┏━━
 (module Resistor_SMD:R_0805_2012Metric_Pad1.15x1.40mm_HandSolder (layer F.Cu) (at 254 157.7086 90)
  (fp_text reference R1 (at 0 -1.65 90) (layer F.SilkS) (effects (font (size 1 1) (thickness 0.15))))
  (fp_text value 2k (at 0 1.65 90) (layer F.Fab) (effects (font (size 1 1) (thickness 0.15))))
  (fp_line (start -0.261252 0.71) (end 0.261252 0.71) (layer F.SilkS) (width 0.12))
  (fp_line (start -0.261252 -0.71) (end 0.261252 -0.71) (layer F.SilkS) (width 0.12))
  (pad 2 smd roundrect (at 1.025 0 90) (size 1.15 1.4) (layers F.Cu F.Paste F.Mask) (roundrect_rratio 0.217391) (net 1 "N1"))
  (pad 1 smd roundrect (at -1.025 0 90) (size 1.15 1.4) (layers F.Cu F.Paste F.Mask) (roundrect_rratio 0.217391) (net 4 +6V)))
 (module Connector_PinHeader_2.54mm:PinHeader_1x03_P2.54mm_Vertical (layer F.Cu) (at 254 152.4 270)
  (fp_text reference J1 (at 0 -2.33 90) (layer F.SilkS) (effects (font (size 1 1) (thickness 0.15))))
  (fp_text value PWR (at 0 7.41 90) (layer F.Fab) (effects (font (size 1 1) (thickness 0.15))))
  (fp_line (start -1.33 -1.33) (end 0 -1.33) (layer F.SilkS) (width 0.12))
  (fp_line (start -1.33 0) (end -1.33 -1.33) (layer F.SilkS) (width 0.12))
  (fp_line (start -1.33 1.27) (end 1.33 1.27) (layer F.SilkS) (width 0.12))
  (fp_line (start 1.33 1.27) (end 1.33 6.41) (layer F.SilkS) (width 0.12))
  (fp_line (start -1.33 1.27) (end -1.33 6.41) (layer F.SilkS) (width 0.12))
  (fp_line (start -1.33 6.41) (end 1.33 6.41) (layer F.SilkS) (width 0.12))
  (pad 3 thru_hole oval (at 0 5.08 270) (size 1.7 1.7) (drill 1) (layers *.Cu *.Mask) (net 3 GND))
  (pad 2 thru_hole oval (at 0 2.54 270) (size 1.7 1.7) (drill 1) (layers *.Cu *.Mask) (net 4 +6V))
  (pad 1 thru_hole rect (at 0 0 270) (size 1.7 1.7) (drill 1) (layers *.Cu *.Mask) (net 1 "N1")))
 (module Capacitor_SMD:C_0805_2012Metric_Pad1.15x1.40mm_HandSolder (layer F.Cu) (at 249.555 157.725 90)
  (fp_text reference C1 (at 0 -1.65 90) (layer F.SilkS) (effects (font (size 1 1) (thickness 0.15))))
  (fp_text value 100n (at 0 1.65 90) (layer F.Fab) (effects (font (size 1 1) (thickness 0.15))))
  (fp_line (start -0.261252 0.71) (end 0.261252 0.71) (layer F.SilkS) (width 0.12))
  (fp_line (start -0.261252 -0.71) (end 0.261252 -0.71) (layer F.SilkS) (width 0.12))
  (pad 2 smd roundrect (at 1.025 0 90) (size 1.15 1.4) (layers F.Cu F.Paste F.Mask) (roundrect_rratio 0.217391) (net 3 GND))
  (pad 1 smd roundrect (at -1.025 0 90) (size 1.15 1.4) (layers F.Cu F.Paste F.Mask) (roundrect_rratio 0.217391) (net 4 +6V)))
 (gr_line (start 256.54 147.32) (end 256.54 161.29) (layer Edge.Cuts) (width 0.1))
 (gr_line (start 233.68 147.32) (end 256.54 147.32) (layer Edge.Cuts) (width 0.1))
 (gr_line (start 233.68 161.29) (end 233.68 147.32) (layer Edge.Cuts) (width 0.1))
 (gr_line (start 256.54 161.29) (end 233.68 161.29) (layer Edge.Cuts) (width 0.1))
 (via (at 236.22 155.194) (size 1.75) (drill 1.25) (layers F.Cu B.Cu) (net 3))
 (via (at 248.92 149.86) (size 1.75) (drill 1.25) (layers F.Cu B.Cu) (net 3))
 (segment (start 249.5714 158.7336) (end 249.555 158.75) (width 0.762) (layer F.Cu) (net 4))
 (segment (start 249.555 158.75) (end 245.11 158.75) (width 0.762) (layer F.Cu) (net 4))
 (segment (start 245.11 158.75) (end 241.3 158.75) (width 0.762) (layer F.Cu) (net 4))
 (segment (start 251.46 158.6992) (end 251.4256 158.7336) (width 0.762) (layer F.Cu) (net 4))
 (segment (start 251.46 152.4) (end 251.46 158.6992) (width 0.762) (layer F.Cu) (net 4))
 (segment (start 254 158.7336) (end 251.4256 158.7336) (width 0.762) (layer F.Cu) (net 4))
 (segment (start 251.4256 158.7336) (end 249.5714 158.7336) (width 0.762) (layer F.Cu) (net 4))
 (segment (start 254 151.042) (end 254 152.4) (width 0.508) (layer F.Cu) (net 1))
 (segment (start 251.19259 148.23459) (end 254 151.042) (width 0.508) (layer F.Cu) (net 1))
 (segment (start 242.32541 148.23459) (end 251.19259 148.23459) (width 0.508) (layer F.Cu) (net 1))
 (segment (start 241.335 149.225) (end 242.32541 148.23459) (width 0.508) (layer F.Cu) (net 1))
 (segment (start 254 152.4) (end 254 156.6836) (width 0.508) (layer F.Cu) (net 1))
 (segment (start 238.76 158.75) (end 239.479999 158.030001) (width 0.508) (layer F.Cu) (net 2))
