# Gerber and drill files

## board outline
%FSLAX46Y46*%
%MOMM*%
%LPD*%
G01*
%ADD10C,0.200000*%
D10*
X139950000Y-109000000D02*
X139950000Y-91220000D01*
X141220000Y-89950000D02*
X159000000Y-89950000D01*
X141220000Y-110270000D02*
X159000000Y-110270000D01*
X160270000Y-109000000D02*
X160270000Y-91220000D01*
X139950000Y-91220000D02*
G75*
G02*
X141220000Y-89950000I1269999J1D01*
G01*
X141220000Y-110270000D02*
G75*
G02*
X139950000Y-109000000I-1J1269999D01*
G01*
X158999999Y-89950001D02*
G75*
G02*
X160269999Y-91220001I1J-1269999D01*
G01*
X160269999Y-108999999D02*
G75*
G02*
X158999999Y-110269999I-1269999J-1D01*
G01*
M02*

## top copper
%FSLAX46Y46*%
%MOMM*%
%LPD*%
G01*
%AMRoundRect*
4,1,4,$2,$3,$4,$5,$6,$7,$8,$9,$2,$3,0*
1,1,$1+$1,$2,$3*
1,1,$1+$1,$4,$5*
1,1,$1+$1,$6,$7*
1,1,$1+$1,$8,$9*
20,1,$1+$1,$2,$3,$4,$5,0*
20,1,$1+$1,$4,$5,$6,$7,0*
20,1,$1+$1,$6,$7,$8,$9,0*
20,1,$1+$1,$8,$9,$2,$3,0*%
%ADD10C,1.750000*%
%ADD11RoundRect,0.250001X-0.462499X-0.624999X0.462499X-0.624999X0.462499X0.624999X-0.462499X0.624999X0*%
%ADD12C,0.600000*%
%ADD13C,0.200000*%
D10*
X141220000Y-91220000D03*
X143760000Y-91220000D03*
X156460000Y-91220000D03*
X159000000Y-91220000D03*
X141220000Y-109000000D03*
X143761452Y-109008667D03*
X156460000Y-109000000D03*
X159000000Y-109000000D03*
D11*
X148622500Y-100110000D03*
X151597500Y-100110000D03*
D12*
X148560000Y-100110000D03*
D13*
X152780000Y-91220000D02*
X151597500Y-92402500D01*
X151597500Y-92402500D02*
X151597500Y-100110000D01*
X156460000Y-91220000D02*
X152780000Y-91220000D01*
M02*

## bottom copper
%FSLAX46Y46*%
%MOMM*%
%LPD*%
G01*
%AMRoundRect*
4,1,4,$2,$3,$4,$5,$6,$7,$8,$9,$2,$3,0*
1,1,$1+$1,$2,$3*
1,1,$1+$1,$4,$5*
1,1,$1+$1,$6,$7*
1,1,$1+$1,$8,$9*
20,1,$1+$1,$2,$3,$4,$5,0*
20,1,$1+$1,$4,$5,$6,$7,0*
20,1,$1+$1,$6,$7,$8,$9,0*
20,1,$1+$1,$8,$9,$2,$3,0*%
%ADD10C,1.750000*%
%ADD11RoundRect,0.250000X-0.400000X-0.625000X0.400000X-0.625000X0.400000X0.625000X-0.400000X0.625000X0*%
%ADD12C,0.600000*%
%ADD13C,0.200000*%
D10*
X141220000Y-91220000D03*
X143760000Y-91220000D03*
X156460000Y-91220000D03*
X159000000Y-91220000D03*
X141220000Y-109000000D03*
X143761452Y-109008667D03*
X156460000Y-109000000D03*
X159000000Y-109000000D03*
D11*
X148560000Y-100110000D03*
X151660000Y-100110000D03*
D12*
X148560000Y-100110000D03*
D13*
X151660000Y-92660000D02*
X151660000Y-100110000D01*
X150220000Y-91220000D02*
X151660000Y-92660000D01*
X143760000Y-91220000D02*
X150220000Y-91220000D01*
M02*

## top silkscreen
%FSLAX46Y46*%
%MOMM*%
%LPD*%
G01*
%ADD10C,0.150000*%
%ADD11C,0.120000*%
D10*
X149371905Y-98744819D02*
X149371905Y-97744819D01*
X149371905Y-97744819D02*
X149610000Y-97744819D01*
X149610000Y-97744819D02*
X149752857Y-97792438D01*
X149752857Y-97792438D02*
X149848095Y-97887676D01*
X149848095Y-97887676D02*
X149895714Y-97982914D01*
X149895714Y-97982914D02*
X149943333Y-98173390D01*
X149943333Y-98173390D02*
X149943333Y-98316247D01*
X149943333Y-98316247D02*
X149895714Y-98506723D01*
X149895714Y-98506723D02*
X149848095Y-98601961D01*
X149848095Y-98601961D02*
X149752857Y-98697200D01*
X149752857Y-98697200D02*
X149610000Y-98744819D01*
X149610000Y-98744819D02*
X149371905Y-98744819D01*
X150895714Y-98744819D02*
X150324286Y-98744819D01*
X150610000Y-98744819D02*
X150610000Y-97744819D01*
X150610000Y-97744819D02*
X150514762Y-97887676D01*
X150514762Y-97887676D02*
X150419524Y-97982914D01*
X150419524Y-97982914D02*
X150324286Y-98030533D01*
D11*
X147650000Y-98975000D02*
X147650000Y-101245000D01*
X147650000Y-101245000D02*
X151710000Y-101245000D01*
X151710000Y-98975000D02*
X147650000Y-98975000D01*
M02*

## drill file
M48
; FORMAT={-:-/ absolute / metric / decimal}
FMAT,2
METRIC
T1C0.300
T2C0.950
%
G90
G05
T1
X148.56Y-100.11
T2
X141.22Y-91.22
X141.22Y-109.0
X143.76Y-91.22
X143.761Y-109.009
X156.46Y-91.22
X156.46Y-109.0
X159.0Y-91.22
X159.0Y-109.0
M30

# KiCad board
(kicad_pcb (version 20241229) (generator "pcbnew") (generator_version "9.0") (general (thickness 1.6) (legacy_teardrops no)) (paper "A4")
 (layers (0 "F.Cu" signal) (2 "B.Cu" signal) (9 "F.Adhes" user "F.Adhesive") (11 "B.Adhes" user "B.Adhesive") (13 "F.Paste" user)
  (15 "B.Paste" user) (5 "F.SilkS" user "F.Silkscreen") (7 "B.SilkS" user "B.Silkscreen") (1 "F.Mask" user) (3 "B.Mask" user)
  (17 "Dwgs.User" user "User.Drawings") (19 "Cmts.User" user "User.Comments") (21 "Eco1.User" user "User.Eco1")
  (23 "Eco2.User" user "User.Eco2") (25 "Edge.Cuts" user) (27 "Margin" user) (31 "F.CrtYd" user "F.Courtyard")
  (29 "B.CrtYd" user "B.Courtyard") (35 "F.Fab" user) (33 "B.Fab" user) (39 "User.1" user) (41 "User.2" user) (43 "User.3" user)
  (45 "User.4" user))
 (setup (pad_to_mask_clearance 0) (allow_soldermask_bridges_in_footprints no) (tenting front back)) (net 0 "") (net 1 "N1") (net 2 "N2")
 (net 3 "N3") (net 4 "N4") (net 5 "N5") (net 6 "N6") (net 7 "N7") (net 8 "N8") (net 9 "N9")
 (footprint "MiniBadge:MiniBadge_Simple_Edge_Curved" (layer "F.Cu") (at 150.11 100.11)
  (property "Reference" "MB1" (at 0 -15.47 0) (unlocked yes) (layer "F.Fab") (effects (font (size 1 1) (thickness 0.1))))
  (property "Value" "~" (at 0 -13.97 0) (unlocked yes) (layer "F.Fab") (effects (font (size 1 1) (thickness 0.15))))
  (fp_line (start -10.16 8.89) (end -10.16 -8.89) (stroke (width 0.2) (type solid)) (layer "Edge.Cuts"))
  (fp_line (start -8.89 -10.16) (end 8.89 -10.16) (stroke (width 0.2) (type solid)) (layer "Edge.Cuts"))
  (fp_line (start -8.89 10.16) (end 8.89 10.16) (stroke (width 0.2) (type solid)) (layer "Edge.Cuts"))
  (fp_line (start 10.16 8.89) (end 10.16 -8.89) (stroke (width 0.2) (type solid)) (layer "Edge.Cuts"))
  (fp_arc (start -10.16 -8.89) (mid -9.788026 -9.788026) (end -8.89 -10.16) (stroke (width 0.2) (type solid)) (layer "Edge.Cuts"))
  (fp_arc (start -8.89 10.16) (mid -9.788026 9.788026) (end -10.16 8.89) (stroke (width 0.2) (type solid)) (layer "Edge.Cuts"))
  (fp_arc (start 8.889999 -10.159999) (mid 9.788025 -9.788025) (end 10.159999 -8.889999) (stroke (width 0.2) (type solid))
   (layer "Edge.Cuts"))
  (fp_arc (start 10.159999 8.889999) (mid 9.788025 9.788025) (end 8.889999 10.159999) (stroke (width 0.2) (type solid)) (layer "Edge.Cuts"))
  (pad "1" thru_hole circle (at -8.89 -8.89) (size 1.75 1.75) (drill 0.95) (layers "*.Cu" "*.Mask") (remove_unused_layers no) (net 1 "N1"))
  (pad "2" thru_hole circle (at -6.35 -8.89) (size 1.75 1.75) (drill 0.95) (layers "*.Cu" "*.Mask") (remove_unused_layers no) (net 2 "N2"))
  (pad "7" thru_hole circle (at 6.35 -8.89) (size 1.75 1.75) (drill 0.95) (layers "*.Cu" "*.Mask") (remove_unused_layers no) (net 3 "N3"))
  (pad "8" thru_hole circle (at 8.89 -8.89) (size 1.75 1.75) (drill 0.95) (layers "*.Cu" "*.Mask") (remove_unused_layers no) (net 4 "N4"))
  (pad "9" thru_hole circle (at -8.89 8.89) (size 1.75 1.75) (drill 0.95) (layers "*.Cu" "*.Mask") (remove_unused_layers no) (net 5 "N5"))
  (pad "10" thru_hole circle (at -6.348548 8.898667) (size 1.75 1.75) (drill 0.95) (layers "*.Cu" "*.Mask") (remove_unused_layers no)
   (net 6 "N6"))
  (pad "15" thru_hole circle (at 6.35 8.89) (size 1.75 1.75) (drill 0.95) (layers "*.Cu" "*.Mask") (remove_unused_layers no) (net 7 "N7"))
  (pad "16" thru_hole circle (at 8.89 8.89) (size 1.75 1.75) (drill 0.95) (layers "*.Cu" "*.Mask") (remove_unused_layers no) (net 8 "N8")))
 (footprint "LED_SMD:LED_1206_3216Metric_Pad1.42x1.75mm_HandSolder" (layer "F.Cu") (at 150.11 100.11)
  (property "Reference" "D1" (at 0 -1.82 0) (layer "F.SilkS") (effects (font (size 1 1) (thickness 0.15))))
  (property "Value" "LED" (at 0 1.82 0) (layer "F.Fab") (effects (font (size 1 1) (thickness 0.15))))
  (fp_line (start -2.46 -1.135) (end -2.46 1.135) (stroke (width 0.12) (type solid)) (layer "F.SilkS"))
  (fp_line (start -2.46 1.135) (end 1.6 1.135) (stroke (width 0.12) (type solid)) (layer "F.SilkS"))
  (fp_line (start 1.6 -1.135) (end -2.46 -1.135) (stroke (width 0.12) (type solid)) (layer "F.SilkS"))
  (pad "1" smd roundrect (at -1.4875 0) (size 1.425 1.75) (layers "F.Cu" "F.Mask" "F.Paste") (roundrect_rratio 0.175439) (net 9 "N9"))
  (pad "2" smd roundrect (at 1.4875 0) (size 1.425 1.75) (layers "F.Cu" "F.Mask" "F.Paste") (roundrect_rratio 0.175439) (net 3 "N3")))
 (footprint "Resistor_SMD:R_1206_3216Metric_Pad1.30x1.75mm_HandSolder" (layer "B.Cu") (at 150.11 100.11)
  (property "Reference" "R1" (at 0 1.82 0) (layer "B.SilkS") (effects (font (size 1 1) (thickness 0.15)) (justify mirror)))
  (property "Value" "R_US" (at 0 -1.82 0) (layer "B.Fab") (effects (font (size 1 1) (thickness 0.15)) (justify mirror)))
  (pad "1" smd roundrect (at -1.55 0) (size 1.3 1.75) (layers "B.Cu" "B.Mask" "B.Paste") (roundrect_rratio 0.192308) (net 9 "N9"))
  (pad "2" smd roundrect (at 1.55 0) (size 1.3 1.75) (layers "B.Cu" "B.Mask" "B.Paste") (roundrect_rratio 0.192308) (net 2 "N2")))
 (segment (start 152.78 91.22) (end 151.5975 92.4025) (width 0.2) (layer "F.Cu") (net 3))
 (segment (start 151.5975 92.4025) (end 151.5975 100.11) (width 0.2) (layer "F.Cu") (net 3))
 (segment (start 156.46 91.22) (end 152.78 91.22) (width 0.2) (layer "F.Cu") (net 3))
 (via (at 148.56 100.11) (size 0.6) (drill 0.3) (layers "F.Cu" "B.Cu") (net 9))
 (segment (start 151.66 92.66) (end 151.66 100.11) (width 0.2) (layer "B.Cu") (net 2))
 (segment (start 150.22 91.22) (end 151.66 92.66) (width 0.2) (layer "B.Cu") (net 2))
 (segment (start 143.76 91.22) (end 150.22 91.22) (width 0.2) (layer "B.Cu") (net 2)))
┗━━
In the listing above, find the line with "(gr_line (start 233.68 161.29)" and the line with "(segment (start 245.11", then print exactly those lines and every line between them.

 (gr_line (start 233.68 161.29) (end 233.68 147.32) (layer Edge.Cuts) (width 0.1))
 (gr_line (start 256.54 161.29) (end 233.68 161.29) (layer Edge.Cuts) (width 0.1))
 (via (at 236.22 155.194) (size 1.75) (drill 1.25) (layers F.Cu B.Cu) (net 3))
 (via (at 248.92 149.86) (size 1.75) (drill 1.25) (layers F.Cu B.Cu) (net 3))
 (segment (start 249.5714 158.7336) (end 249.555 158.75) (width 0.762) (layer F.Cu) (net 4))
 (segment (start 249.555 158.75) (end 245.11 158.75) (width 0.762) (layer F.Cu) (net 4))
 (segment (start 245.11 158.75) (end 241.3 158.75) (width 0.762) (layer F.Cu) (net 4))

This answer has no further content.